Hacker News new | past | comments | ask | show | jobs | submit login

    # Observed spamming large amounts of https://en.wikipedia.org/?curid=NNNNNN
    # and ignoring 429 ratelimit responses, claims to respect robots:
    # http://mj12bot.com/
    User-agent: MJ12bot
    Disallow: /
Coincidentally, I've just read more negative things about MJ12bot last week: http://boston.conman.org/2019/07/09.1

You can read the rest of my MJ12Bot saga: http://boston.conman.org/2019/07/09-12 My take: they are grossly incompetent at programming.

Turns out that if one wants something from people, one shouldn't start the first interaction by calling them "grossly incompetent"...

The best robots.txt for Majestic:

    iptables -A INPUT -s -j DROP

If only it was that easy. Last month MJ12Bot hit my site from 136 distinct IP addresses. If we drop the last octet, it's 120 unique class-C addresses, and if we drop the last two octets, then 43 unique class-B addresses (and why not---31 distinct class-A addresses). It's a distributed bot. Very hard to block, so I think I came out ahead by them no longer spidering my site.

Edit: Added count of class-A blocks.

There are dozens of such bots, ones that promise they honor robots.txt but spam your server with nonsensical requests, requests for pages that haven't existed in a decade and are happy to ignore rate limits.

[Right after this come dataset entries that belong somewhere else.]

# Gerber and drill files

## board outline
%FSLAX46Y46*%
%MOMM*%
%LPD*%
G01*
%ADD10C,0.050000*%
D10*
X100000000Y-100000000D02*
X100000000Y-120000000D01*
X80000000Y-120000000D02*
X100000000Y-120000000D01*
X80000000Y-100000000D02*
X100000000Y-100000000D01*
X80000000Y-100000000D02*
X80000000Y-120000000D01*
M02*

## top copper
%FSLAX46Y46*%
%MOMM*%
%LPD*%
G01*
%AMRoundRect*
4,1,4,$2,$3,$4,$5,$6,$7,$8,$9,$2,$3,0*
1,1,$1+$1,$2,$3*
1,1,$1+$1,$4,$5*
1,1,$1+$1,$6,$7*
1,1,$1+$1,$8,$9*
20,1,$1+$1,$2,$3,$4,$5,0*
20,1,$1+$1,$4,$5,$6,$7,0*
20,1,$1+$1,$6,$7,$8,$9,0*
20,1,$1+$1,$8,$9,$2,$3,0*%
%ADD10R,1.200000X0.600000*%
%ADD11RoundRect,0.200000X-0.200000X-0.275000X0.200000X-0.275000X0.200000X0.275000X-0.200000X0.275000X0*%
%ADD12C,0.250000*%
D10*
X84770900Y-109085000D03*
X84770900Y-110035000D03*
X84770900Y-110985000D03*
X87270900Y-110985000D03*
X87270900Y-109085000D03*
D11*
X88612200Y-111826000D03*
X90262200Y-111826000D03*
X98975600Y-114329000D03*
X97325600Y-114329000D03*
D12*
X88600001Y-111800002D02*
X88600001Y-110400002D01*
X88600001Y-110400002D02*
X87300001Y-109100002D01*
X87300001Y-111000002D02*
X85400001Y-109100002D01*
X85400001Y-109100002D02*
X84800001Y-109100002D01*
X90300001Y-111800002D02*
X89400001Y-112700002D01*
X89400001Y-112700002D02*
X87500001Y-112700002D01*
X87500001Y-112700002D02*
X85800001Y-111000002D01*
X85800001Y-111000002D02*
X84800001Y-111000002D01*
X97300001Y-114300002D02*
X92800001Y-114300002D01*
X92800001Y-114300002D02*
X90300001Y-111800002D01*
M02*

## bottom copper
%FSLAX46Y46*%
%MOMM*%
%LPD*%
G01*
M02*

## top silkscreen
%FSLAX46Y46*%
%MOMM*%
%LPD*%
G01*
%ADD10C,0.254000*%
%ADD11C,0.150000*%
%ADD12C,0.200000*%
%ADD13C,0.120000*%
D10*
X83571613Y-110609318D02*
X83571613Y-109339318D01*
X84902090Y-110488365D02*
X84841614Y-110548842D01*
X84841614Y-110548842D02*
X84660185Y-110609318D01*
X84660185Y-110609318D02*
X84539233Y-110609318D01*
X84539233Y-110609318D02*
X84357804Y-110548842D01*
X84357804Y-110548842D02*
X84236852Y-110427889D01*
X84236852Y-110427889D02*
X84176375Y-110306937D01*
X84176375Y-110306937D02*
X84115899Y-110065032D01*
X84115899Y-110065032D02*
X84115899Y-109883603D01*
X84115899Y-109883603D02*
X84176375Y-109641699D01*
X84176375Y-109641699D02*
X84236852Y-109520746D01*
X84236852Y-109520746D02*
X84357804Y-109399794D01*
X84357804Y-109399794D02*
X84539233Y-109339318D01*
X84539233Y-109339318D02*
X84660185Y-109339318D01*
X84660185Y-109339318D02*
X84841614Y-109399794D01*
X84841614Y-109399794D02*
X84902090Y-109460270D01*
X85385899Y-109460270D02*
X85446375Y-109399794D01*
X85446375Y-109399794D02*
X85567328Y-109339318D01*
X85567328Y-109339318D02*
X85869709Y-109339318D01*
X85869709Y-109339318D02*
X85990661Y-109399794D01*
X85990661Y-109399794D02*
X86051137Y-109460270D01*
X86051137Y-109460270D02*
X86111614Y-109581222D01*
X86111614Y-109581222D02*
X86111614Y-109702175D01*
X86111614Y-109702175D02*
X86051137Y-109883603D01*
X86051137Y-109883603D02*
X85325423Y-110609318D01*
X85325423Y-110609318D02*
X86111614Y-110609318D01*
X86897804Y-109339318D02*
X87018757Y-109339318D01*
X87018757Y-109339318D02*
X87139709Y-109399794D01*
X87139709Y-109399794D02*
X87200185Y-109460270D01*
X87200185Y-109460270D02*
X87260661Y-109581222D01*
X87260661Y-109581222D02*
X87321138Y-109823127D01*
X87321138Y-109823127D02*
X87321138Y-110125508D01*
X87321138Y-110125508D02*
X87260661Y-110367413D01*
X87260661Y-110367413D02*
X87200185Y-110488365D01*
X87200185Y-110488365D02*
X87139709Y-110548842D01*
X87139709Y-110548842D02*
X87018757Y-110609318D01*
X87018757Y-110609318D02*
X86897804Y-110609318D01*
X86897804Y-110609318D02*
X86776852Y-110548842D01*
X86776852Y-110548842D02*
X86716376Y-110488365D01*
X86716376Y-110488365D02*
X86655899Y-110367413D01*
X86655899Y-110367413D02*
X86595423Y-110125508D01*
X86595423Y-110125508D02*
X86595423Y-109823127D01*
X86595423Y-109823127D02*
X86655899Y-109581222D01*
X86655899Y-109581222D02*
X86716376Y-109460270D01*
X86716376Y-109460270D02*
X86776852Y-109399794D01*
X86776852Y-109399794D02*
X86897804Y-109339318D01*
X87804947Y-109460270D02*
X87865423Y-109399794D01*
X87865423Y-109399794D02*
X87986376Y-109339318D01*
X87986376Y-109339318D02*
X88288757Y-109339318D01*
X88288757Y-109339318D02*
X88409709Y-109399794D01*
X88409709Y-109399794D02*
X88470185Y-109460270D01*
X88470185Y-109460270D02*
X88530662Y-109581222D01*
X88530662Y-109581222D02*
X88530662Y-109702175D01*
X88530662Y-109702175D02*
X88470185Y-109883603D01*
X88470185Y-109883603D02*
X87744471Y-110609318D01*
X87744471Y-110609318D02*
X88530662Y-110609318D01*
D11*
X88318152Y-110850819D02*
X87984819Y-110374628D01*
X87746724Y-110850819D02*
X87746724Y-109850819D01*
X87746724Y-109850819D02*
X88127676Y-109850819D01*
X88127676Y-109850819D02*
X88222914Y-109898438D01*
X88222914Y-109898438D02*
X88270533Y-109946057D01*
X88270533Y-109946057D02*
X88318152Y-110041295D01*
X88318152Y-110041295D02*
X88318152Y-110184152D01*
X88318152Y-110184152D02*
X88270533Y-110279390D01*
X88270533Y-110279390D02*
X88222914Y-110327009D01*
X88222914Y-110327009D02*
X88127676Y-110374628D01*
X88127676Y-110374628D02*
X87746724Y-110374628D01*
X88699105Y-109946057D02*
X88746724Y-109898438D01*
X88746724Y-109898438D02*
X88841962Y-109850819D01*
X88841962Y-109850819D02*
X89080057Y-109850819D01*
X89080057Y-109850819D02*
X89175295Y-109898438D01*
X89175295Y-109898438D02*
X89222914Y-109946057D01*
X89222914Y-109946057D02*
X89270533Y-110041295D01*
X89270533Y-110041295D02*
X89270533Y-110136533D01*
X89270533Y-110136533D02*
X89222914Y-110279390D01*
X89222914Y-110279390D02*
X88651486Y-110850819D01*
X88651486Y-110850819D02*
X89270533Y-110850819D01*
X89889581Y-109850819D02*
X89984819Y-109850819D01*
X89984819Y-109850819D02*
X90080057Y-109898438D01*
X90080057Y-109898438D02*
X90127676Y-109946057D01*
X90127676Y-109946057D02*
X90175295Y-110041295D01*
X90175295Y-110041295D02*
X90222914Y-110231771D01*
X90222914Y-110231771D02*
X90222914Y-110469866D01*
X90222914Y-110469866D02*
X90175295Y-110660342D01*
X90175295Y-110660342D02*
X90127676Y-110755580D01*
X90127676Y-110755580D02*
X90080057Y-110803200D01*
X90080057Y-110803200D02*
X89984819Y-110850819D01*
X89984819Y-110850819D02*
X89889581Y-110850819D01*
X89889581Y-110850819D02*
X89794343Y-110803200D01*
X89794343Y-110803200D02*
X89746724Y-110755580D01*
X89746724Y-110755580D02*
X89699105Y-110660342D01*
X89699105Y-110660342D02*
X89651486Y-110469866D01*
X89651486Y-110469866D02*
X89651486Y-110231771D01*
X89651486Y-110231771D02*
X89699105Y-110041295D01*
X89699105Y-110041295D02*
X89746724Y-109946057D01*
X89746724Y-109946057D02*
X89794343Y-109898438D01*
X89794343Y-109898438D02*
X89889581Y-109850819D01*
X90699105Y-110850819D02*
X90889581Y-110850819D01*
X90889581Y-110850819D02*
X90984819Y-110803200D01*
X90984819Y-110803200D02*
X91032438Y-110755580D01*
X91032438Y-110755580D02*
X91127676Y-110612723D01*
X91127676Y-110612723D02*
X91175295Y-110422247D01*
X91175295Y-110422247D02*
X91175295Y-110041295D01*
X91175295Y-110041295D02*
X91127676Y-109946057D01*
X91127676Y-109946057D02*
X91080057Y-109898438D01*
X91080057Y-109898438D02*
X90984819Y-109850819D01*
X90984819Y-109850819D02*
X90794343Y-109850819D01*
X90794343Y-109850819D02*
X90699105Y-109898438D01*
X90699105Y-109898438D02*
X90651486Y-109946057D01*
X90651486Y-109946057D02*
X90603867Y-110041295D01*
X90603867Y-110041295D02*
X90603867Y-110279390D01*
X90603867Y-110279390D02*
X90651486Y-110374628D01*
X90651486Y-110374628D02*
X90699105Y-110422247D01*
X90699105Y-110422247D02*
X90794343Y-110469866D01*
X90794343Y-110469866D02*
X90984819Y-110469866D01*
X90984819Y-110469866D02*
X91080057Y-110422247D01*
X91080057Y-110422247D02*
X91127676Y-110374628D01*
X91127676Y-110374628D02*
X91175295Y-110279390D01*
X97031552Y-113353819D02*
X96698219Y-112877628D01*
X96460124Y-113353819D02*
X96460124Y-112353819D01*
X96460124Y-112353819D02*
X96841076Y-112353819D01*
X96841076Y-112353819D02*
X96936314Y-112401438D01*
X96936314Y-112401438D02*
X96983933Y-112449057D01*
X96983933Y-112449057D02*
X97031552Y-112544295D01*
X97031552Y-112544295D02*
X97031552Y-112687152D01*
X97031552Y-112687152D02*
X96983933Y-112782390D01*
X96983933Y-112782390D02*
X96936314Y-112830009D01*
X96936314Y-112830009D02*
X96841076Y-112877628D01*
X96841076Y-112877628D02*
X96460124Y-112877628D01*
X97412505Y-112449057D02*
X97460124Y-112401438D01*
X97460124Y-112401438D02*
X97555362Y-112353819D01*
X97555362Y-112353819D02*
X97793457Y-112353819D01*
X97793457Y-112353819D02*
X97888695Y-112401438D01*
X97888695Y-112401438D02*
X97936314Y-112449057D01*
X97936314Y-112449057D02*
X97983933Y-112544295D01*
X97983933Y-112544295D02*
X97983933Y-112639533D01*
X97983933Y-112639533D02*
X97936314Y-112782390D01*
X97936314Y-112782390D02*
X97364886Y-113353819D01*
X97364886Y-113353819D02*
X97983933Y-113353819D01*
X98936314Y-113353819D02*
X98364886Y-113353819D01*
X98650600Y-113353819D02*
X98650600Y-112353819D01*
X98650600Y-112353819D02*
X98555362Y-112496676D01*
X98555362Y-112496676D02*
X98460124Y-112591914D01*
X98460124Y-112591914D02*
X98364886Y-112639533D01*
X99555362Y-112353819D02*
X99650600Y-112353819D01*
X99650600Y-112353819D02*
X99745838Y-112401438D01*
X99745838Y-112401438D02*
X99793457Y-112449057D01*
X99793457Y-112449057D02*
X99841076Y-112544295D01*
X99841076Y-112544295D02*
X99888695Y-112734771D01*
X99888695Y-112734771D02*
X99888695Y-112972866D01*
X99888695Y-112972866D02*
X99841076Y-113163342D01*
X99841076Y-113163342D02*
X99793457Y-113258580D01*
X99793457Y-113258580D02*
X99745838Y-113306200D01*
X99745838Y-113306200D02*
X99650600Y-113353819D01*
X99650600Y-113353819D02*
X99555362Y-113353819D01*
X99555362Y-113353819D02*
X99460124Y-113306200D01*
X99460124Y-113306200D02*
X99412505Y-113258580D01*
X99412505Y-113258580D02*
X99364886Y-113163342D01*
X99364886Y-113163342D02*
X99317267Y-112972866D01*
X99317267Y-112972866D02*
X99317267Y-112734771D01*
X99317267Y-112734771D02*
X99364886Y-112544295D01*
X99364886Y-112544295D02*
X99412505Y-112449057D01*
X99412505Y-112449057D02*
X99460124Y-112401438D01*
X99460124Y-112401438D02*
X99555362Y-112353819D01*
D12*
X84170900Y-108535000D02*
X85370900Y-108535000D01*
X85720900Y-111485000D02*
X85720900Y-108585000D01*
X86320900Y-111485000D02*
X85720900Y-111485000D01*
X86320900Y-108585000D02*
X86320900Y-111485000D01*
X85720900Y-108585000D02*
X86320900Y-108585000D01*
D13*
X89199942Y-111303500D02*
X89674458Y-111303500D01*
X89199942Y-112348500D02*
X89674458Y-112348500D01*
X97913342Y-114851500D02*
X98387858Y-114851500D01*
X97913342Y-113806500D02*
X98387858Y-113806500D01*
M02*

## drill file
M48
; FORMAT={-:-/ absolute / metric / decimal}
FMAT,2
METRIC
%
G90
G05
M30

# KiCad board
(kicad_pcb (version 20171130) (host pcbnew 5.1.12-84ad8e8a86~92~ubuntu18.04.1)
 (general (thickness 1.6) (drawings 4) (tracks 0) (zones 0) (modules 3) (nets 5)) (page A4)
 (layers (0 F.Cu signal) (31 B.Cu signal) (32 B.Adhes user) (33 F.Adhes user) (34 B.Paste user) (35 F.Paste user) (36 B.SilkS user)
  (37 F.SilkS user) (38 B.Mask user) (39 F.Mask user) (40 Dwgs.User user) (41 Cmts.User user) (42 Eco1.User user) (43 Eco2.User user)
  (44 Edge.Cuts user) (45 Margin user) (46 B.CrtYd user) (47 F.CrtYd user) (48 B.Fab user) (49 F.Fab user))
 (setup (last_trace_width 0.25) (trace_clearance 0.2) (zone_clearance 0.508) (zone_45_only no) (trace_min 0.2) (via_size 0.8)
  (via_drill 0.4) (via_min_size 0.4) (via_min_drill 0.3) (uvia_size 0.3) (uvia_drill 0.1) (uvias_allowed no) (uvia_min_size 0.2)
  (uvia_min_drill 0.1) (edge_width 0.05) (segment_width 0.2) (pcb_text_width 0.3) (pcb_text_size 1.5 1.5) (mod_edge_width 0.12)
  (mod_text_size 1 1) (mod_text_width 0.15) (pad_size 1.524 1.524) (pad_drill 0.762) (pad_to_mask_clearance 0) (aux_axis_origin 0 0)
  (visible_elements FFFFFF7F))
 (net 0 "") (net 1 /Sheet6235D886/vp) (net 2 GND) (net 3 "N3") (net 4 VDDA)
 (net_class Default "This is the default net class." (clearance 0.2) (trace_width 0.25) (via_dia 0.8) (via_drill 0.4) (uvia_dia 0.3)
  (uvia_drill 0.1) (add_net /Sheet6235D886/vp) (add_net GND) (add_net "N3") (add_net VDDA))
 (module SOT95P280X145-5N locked (layer F.Cu) (at 86.020900 110.035000)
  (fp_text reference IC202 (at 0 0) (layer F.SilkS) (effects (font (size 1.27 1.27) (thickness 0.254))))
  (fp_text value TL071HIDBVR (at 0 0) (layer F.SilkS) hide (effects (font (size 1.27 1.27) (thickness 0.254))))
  (fp_line (start -1.85 -1.5) (end -0.65 -1.5) (layer F.SilkS) (width 0.2))
  (fp_line (start -0.3 1.45) (end -0.3 -1.45) (layer F.SilkS) (width 0.2))
  (fp_line (start 0.3 1.45) (end -0.3 1.45) (layer F.SilkS) (width 0.2))
  (fp_line (start 0.3 -1.45) (end 0.3 1.45) (layer F.SilkS) (width 0.2))
  (fp_line (start -0.3 -1.45) (end 0.3 -1.45) (layer F.SilkS) (width 0.2))
  (pad 1 smd rect (at -1.25 -0.95 90.000000) (size 0.6 1.2) (layers F.Cu F.Mask F.Paste) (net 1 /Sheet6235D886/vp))
  (pad 2 smd rect (at -1.25 0 90.000000) (size 0.6 1.2) (layers F.Cu F.Mask F.Paste) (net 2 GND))
  (pad 3 smd rect (at -1.25 0.95 90.000000) (size 0.6 1.2) (layers F.Cu F.Mask F.Paste) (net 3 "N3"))
  (pad 4 smd rect (at 1.25 0.95 90.000000) (size 0.6 1.2) (layers F.Cu F.Mask F.Paste) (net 1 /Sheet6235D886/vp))
  (pad 5 smd rect (at 1.25 -0.95 90.000000) (size 0.6 1.2) (layers F.Cu F.Mask F.Paste) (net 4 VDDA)))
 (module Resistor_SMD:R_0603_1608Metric (layer F.Cu) (at 89.437200 111.826000)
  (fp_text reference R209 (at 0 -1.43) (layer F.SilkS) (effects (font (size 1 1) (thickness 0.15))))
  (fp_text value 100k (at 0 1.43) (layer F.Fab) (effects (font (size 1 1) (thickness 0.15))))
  (fp_line (start -0.237258 -0.5225) (end 0.237258 -0.5225) (layer F.SilkS) (width 0.12))
  (fp_line (start -0.237258 0.5225) (end 0.237258 0.5225) (layer F.SilkS) (width 0.12))
  (pad 1 smd roundrect (at -0.825 0) (size 0.8 0.95) (layers F.Cu F.Mask F.Paste) (roundrect_rratio 0.25) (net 4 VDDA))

To be honest, robots.txt is not for these kinds of bots. These kinds of bots are either malicious or incompetent. But more importantly, they're 100% useless to you as a website operator. They offer no SEO benefit, drive no significant traffic and simply consume resources.

The answer, sadly, is to hit them at the web server / load balancer / reverse proxy layer and just bruteforce all these bad actors away.

They'll never stop trying, though. Checking some NGINX logs for some of these bots that have been blocked for years, they still knock on the door over and over again.

bulk filtering like that only cements FAANG hegemony; agree its a problem, do not agree this is the solution

A whitelist of FAANG crawlers would cement their hegemony - a blacklist of known-badly-behaved crawlers doesn't.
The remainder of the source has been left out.